Find the word "CrtYd" in the records below. List each line containing it.

**** DATA EXTRACTS

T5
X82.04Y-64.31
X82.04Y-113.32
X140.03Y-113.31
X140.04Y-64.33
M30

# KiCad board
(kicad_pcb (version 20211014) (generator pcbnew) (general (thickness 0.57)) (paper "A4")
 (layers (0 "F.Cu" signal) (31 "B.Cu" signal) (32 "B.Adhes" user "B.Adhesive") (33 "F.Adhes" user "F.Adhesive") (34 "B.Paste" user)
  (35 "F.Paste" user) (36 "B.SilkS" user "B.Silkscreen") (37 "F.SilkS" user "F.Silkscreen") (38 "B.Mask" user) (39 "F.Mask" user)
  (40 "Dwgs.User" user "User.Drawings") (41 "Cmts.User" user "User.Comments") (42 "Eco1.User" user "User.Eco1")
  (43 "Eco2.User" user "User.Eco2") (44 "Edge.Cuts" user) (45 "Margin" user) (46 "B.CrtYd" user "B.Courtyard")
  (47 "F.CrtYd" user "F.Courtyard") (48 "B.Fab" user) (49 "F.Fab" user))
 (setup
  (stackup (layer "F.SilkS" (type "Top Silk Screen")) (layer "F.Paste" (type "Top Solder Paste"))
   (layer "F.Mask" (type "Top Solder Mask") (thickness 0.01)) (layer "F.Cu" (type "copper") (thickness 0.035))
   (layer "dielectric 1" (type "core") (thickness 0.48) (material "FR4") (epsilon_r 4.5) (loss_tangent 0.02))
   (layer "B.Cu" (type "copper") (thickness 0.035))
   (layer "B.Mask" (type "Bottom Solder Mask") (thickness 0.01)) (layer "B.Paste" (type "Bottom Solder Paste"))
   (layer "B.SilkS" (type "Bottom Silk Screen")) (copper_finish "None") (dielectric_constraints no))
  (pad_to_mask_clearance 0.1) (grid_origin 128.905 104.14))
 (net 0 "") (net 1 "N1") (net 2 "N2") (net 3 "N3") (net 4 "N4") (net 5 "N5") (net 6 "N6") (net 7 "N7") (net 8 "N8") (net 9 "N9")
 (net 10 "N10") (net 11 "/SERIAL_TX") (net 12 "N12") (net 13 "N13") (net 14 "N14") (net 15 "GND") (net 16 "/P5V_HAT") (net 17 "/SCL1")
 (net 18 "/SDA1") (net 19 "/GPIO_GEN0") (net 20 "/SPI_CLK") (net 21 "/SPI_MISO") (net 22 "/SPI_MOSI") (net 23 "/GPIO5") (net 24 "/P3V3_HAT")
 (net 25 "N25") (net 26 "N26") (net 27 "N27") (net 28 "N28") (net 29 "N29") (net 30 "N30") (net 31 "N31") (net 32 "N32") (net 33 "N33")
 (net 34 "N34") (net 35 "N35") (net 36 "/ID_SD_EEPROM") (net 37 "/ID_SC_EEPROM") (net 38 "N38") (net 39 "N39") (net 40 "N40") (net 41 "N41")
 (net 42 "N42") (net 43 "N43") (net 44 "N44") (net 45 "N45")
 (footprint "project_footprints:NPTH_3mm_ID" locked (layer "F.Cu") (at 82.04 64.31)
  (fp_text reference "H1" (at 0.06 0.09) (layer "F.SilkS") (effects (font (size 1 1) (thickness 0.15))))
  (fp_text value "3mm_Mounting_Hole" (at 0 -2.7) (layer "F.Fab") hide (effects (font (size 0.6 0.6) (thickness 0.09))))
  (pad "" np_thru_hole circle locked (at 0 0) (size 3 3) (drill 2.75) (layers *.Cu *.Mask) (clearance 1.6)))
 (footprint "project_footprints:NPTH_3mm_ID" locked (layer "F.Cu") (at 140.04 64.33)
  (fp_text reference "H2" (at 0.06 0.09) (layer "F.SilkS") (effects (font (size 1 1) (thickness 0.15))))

********
**** DATA EXTRACTS

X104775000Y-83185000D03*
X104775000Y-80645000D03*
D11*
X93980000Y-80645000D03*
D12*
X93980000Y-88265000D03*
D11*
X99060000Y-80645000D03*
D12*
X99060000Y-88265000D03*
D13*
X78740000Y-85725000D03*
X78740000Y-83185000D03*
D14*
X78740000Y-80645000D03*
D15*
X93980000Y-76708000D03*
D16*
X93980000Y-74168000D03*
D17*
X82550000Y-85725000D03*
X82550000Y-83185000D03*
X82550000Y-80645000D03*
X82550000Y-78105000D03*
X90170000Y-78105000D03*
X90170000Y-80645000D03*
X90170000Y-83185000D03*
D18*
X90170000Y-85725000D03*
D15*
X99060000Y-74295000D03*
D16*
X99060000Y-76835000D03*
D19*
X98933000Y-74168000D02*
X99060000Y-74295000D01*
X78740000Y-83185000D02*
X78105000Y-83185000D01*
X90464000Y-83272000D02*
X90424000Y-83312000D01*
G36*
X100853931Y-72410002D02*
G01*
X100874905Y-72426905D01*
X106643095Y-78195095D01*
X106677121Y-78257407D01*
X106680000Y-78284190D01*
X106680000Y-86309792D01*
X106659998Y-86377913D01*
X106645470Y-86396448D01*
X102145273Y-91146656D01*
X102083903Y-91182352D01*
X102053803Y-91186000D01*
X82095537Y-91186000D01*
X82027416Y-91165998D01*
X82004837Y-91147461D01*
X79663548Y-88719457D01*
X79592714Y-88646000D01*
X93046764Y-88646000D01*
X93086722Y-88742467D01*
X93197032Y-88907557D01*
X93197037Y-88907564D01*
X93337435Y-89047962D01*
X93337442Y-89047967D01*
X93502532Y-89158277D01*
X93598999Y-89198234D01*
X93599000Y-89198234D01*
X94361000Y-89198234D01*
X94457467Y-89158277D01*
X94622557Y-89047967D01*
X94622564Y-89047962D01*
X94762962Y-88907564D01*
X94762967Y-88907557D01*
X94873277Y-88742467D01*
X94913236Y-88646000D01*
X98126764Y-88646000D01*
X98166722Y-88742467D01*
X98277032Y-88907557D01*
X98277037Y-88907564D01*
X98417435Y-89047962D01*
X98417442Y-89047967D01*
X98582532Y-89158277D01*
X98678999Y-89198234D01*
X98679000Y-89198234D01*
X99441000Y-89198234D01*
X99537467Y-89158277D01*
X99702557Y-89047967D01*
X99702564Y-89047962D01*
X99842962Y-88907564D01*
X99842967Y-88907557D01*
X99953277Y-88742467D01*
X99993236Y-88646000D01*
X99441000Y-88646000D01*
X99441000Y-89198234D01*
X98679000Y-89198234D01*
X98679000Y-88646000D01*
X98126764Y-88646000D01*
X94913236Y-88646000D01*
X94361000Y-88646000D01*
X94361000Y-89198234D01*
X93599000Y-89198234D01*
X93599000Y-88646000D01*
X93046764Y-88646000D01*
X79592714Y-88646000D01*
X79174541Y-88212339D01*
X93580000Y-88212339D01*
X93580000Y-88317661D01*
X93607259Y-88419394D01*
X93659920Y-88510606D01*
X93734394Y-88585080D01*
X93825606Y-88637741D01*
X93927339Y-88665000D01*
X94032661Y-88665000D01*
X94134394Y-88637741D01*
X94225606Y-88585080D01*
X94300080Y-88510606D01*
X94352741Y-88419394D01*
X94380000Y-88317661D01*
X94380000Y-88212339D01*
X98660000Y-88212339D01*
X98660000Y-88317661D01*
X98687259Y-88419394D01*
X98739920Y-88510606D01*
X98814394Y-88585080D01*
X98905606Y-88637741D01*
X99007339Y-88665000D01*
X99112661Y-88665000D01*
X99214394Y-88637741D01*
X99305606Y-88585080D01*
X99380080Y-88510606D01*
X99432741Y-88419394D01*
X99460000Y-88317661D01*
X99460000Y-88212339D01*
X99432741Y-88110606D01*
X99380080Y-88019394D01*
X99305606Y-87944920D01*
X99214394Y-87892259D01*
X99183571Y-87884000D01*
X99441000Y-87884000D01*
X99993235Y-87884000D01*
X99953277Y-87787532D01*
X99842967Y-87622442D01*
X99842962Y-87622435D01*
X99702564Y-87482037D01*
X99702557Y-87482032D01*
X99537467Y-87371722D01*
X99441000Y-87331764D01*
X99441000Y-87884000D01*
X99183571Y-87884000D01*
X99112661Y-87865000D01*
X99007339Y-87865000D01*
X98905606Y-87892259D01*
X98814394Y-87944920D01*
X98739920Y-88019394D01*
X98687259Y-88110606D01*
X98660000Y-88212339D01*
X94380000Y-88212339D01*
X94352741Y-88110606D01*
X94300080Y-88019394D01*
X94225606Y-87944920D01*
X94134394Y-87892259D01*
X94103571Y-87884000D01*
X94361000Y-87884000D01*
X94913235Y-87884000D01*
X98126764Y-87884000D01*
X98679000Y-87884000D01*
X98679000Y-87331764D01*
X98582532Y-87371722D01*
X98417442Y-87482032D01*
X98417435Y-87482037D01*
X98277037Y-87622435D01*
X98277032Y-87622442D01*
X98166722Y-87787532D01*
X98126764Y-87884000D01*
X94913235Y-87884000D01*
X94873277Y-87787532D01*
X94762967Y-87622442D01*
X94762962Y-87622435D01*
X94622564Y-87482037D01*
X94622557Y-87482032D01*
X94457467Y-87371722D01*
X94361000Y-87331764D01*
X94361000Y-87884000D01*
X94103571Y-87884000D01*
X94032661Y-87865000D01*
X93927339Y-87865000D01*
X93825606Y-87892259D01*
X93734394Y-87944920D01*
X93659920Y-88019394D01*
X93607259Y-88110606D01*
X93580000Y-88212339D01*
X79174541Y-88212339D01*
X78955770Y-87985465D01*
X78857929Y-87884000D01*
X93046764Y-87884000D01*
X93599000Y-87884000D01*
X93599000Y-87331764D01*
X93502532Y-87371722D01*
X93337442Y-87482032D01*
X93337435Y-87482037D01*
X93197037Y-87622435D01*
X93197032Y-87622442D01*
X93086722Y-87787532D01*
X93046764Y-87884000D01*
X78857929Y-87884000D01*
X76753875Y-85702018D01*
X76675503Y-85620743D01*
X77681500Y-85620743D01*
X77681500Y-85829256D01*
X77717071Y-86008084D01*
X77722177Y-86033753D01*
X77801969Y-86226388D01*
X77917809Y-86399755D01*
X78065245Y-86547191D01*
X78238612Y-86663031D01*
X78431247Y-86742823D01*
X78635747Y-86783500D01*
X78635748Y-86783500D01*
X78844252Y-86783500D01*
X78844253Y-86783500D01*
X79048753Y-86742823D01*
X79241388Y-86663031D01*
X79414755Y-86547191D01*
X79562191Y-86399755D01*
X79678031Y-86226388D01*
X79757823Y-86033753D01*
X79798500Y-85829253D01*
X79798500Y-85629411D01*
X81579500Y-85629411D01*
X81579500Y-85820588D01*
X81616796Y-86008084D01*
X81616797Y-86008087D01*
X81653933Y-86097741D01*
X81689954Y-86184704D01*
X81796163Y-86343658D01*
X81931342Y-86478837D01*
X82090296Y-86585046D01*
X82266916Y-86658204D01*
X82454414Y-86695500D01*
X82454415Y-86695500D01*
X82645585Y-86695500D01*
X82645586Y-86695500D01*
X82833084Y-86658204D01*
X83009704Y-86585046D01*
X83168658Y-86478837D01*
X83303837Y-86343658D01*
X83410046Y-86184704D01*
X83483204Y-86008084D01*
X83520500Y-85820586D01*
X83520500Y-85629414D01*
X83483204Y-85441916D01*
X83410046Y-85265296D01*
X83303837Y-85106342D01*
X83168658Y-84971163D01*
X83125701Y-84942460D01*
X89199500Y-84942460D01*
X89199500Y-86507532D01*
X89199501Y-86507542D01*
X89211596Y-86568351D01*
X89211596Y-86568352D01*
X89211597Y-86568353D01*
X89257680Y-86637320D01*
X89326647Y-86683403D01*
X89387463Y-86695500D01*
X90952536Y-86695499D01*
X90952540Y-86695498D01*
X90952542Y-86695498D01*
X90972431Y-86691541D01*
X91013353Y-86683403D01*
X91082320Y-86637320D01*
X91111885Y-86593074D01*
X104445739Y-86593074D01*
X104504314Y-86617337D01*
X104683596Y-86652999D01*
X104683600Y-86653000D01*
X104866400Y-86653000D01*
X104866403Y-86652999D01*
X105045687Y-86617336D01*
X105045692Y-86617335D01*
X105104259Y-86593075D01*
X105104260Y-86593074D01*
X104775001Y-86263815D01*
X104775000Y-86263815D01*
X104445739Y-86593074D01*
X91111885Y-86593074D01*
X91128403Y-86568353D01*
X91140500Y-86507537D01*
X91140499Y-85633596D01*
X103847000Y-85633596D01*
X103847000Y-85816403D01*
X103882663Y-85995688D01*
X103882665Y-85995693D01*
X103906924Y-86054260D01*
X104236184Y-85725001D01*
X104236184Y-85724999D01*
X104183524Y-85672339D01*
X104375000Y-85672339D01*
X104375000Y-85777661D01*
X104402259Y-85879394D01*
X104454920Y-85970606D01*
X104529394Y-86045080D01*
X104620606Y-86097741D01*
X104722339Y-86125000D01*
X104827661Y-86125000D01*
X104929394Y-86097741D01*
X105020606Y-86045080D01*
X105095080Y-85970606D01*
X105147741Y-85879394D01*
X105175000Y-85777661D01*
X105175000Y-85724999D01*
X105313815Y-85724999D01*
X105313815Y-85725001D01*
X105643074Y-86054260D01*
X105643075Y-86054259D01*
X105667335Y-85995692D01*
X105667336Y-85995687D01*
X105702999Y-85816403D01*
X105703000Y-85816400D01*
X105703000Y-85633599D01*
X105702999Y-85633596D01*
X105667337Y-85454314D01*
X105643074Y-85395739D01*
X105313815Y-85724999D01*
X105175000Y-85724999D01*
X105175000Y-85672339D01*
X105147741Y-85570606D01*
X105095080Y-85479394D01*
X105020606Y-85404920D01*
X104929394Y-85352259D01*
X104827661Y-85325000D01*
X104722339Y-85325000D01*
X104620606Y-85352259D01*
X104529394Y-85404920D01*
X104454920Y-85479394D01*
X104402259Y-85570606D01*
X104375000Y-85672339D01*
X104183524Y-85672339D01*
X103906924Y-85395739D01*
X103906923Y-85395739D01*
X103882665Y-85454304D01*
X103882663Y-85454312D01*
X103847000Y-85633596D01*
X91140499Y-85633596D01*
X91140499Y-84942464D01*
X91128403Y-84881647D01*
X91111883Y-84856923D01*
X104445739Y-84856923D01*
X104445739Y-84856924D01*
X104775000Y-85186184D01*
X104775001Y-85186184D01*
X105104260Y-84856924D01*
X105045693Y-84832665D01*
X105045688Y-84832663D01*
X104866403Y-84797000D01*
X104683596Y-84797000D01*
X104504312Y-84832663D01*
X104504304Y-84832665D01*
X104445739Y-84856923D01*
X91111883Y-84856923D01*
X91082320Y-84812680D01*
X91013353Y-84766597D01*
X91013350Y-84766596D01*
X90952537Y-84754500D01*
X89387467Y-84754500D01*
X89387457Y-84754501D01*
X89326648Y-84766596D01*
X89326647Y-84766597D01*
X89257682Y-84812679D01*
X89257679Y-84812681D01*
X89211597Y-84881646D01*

********

* [SOLUTION FOR THIS EXERCISE]
  (43 "Eco2.User" user "User.Eco2") (44 "Edge.Cuts" user) (45 "Margin" user) (46 "B.CrtYd" user "B.Courtyard")
  (47 "F.CrtYd" user "F.Courtyard") (48 "B.Fab" user) (49 "F.Fab" user))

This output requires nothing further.